Notice that the idea "C files as instances of classes" is absolutely not compatible with the ideas of dynamically instantiating classes, move semantics, value types, RAII, composition of std::algorithm's, none of that.

Hence me saying this is just a loose analogy, not a tautology.

This is static allocation, ie. global variables. It's not sexy abstract cool stuff, this is the cold hard truth. The abstractions put wool over your eyes. Why are you even using C++ at all? Red pill or blue pill? I like both here.

I think this is related to why I tend to meet C++ programmers that don't understand translation units. The conceptual understanding of translation units maps well onto the C programmer's model, but it does not for C++.

A C programmer could think of writing all C code in assembly by hand and using the linker to link the executable. Not that they would, but they can imagine how it would be structured and written. A C++ programmer may get brain damage attempting the equivalent.

For some reason (novice) C++ programmers think they are at an abstraction level as high up from the CPU as python is. So high that they don't see a need to even have a programmer's model of the CPU itself. So high that they make-believe and assume the existence of a magic layer of stuff that holds everything they don't understand. But constantly the boundaries and contents of this layer morph around as logical contradictions are forgotten and make-believed again. Is it runtime, link time, compile time, preprocessor time, is it the OS, is it the CPU itself. People actually think there is a C++ runtime environment like there is in java and python. They literally lie to themselves like conspiracy theorists do.
This is entirely wrong. C++ is much closer to C and much closer to the CPU than python is.
There is no magic, there is only the machine.

The object file as class instance idea works nicely with the filesystem

OK enough of the ranting. Why do I care to share this idea?
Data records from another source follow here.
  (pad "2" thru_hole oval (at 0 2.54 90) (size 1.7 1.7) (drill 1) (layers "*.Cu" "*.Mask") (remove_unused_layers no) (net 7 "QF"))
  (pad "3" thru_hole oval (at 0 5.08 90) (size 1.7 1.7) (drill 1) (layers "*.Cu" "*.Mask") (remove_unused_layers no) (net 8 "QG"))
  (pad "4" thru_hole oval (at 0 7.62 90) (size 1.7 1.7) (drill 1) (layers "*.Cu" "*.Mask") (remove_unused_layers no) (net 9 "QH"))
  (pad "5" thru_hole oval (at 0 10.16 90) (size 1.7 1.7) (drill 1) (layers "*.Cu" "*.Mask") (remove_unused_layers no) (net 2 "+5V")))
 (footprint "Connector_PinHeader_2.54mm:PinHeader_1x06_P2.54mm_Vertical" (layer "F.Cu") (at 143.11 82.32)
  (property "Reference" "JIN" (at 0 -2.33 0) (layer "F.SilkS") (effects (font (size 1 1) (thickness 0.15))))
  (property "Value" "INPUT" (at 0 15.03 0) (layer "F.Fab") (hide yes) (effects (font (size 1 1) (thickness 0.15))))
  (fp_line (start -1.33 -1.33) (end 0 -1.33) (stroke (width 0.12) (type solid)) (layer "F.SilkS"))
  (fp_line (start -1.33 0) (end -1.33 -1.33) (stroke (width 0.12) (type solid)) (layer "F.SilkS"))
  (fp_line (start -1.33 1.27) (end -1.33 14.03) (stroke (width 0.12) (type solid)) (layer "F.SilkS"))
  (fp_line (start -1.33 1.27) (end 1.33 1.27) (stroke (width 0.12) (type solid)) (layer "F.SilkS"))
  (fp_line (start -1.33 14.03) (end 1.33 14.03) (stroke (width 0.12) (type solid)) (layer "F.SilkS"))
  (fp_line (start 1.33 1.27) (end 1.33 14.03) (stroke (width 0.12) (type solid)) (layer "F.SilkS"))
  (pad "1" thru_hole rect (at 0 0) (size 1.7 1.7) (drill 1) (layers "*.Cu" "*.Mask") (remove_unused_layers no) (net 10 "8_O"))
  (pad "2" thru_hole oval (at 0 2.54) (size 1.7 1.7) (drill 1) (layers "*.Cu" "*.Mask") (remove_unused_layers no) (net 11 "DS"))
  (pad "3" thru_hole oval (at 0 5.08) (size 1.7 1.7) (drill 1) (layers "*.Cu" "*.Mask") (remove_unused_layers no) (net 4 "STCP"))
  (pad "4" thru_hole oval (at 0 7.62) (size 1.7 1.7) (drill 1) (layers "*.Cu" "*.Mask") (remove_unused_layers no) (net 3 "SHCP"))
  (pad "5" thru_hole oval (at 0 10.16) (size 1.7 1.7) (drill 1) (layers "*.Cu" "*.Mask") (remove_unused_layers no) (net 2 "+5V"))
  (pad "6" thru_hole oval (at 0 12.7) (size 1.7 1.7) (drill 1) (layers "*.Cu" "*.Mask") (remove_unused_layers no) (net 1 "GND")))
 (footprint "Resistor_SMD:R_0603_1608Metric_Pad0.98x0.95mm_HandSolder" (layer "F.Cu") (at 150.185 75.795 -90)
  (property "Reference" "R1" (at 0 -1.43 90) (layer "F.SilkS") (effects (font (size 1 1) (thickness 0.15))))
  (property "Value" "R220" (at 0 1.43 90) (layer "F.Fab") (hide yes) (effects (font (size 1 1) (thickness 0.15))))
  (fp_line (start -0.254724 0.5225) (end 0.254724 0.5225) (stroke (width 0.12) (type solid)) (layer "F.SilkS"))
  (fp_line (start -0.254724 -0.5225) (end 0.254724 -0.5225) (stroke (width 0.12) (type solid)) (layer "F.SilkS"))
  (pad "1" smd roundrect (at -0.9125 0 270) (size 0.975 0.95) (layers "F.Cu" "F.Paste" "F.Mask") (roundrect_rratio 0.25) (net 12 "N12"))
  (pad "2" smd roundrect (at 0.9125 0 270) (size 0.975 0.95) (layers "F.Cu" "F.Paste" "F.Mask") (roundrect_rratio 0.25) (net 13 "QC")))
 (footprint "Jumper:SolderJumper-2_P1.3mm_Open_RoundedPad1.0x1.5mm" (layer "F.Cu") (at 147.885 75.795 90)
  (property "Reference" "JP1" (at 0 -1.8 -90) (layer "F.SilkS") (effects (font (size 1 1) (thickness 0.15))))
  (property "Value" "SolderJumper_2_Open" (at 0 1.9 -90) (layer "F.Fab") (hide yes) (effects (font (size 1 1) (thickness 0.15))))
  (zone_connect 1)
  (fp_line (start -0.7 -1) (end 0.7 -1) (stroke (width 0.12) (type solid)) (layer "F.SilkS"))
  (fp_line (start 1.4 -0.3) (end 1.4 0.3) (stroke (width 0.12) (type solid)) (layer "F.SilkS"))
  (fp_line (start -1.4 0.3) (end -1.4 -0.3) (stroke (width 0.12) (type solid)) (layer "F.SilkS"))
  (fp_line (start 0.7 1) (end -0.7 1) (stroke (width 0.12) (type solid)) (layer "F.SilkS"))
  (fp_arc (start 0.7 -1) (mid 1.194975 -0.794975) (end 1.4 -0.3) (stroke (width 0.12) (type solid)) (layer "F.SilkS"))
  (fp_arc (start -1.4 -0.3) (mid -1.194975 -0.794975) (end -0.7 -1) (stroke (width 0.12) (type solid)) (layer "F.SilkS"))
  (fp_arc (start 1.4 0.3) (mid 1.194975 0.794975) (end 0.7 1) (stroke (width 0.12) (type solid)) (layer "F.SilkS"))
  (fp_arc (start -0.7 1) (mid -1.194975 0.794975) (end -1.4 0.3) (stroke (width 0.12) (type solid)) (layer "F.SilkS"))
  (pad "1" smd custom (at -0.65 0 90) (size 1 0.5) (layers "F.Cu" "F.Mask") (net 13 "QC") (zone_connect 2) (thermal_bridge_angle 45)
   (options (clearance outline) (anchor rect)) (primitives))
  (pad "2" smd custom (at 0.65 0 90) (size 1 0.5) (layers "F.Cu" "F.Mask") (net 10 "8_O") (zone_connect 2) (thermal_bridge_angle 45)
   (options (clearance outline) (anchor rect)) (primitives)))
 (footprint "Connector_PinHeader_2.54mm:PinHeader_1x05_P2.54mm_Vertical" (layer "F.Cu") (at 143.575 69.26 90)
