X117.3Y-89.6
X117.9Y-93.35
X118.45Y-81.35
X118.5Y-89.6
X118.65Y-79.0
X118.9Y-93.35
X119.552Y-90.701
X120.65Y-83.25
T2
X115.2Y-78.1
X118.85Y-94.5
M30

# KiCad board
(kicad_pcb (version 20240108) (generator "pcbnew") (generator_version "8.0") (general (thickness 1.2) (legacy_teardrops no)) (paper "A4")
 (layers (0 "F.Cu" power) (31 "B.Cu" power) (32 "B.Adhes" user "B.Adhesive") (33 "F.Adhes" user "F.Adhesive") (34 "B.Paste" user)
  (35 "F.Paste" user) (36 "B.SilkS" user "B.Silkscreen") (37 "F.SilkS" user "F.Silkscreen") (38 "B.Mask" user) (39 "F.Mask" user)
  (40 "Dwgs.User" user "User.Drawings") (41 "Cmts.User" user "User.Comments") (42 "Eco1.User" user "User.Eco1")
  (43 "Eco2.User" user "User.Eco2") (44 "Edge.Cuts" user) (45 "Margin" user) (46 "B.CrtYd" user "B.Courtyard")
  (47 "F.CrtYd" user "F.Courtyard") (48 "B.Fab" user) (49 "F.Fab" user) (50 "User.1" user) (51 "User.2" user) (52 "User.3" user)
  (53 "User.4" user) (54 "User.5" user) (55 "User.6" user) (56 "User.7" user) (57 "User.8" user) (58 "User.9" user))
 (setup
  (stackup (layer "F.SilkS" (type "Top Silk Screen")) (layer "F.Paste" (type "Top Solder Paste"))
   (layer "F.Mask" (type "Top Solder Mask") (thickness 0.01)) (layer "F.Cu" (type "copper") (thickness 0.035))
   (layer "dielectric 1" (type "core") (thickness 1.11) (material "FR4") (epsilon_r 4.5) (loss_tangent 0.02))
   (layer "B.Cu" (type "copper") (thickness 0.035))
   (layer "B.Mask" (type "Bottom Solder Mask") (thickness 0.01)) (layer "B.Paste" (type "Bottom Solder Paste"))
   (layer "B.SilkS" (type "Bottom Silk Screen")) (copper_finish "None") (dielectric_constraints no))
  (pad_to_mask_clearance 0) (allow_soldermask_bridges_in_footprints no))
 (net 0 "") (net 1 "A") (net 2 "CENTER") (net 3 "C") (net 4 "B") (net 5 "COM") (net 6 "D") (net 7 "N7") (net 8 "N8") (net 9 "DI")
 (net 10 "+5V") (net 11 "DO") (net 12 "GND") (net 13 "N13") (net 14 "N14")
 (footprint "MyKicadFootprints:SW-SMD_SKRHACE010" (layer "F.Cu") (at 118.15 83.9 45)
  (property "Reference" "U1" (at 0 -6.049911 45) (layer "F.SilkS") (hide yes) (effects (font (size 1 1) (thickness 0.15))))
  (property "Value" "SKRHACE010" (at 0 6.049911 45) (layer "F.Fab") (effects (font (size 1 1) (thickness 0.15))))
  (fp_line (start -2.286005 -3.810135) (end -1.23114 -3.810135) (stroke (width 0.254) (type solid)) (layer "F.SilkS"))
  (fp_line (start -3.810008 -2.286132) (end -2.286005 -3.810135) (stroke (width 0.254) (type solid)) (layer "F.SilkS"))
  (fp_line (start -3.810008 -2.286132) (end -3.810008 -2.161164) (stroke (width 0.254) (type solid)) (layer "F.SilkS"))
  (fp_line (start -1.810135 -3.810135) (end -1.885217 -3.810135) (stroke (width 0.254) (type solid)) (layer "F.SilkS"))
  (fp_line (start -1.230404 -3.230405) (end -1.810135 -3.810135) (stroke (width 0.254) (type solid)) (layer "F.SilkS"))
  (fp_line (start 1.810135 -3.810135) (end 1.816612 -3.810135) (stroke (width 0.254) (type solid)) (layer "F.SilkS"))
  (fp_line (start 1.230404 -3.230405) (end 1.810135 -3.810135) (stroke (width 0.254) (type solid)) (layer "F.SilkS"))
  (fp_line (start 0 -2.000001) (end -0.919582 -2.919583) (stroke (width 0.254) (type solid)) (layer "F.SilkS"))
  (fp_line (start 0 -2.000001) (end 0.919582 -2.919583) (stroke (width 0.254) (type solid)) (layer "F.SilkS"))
I personally like using the filesystem to be the skeleton of my architecture.
The hierarchical view, if it maps onto the system you're developing, works well.
So I don't necessarily see a problem with i2c1.c and i2c2.c.
It doesn't scream out to me that there should be i2c.c, and then elsewhere 2 instances of i2c_t.
Sure, I would not like to see massive duplication in i2c1.c and i2c2.c but it is possible to factor out dupes.
What I do like is that I can see that there are 2 I2C interfaces being used in this system.
Perhaps if this was all under a BSP/ layer, looking inside BSP/ would tell you all the components.

Perhaps try thinking of an executable from the linker first, then out to the source code.
Instead of looking at the source code and doing a hail mary hoping for an executable to come out.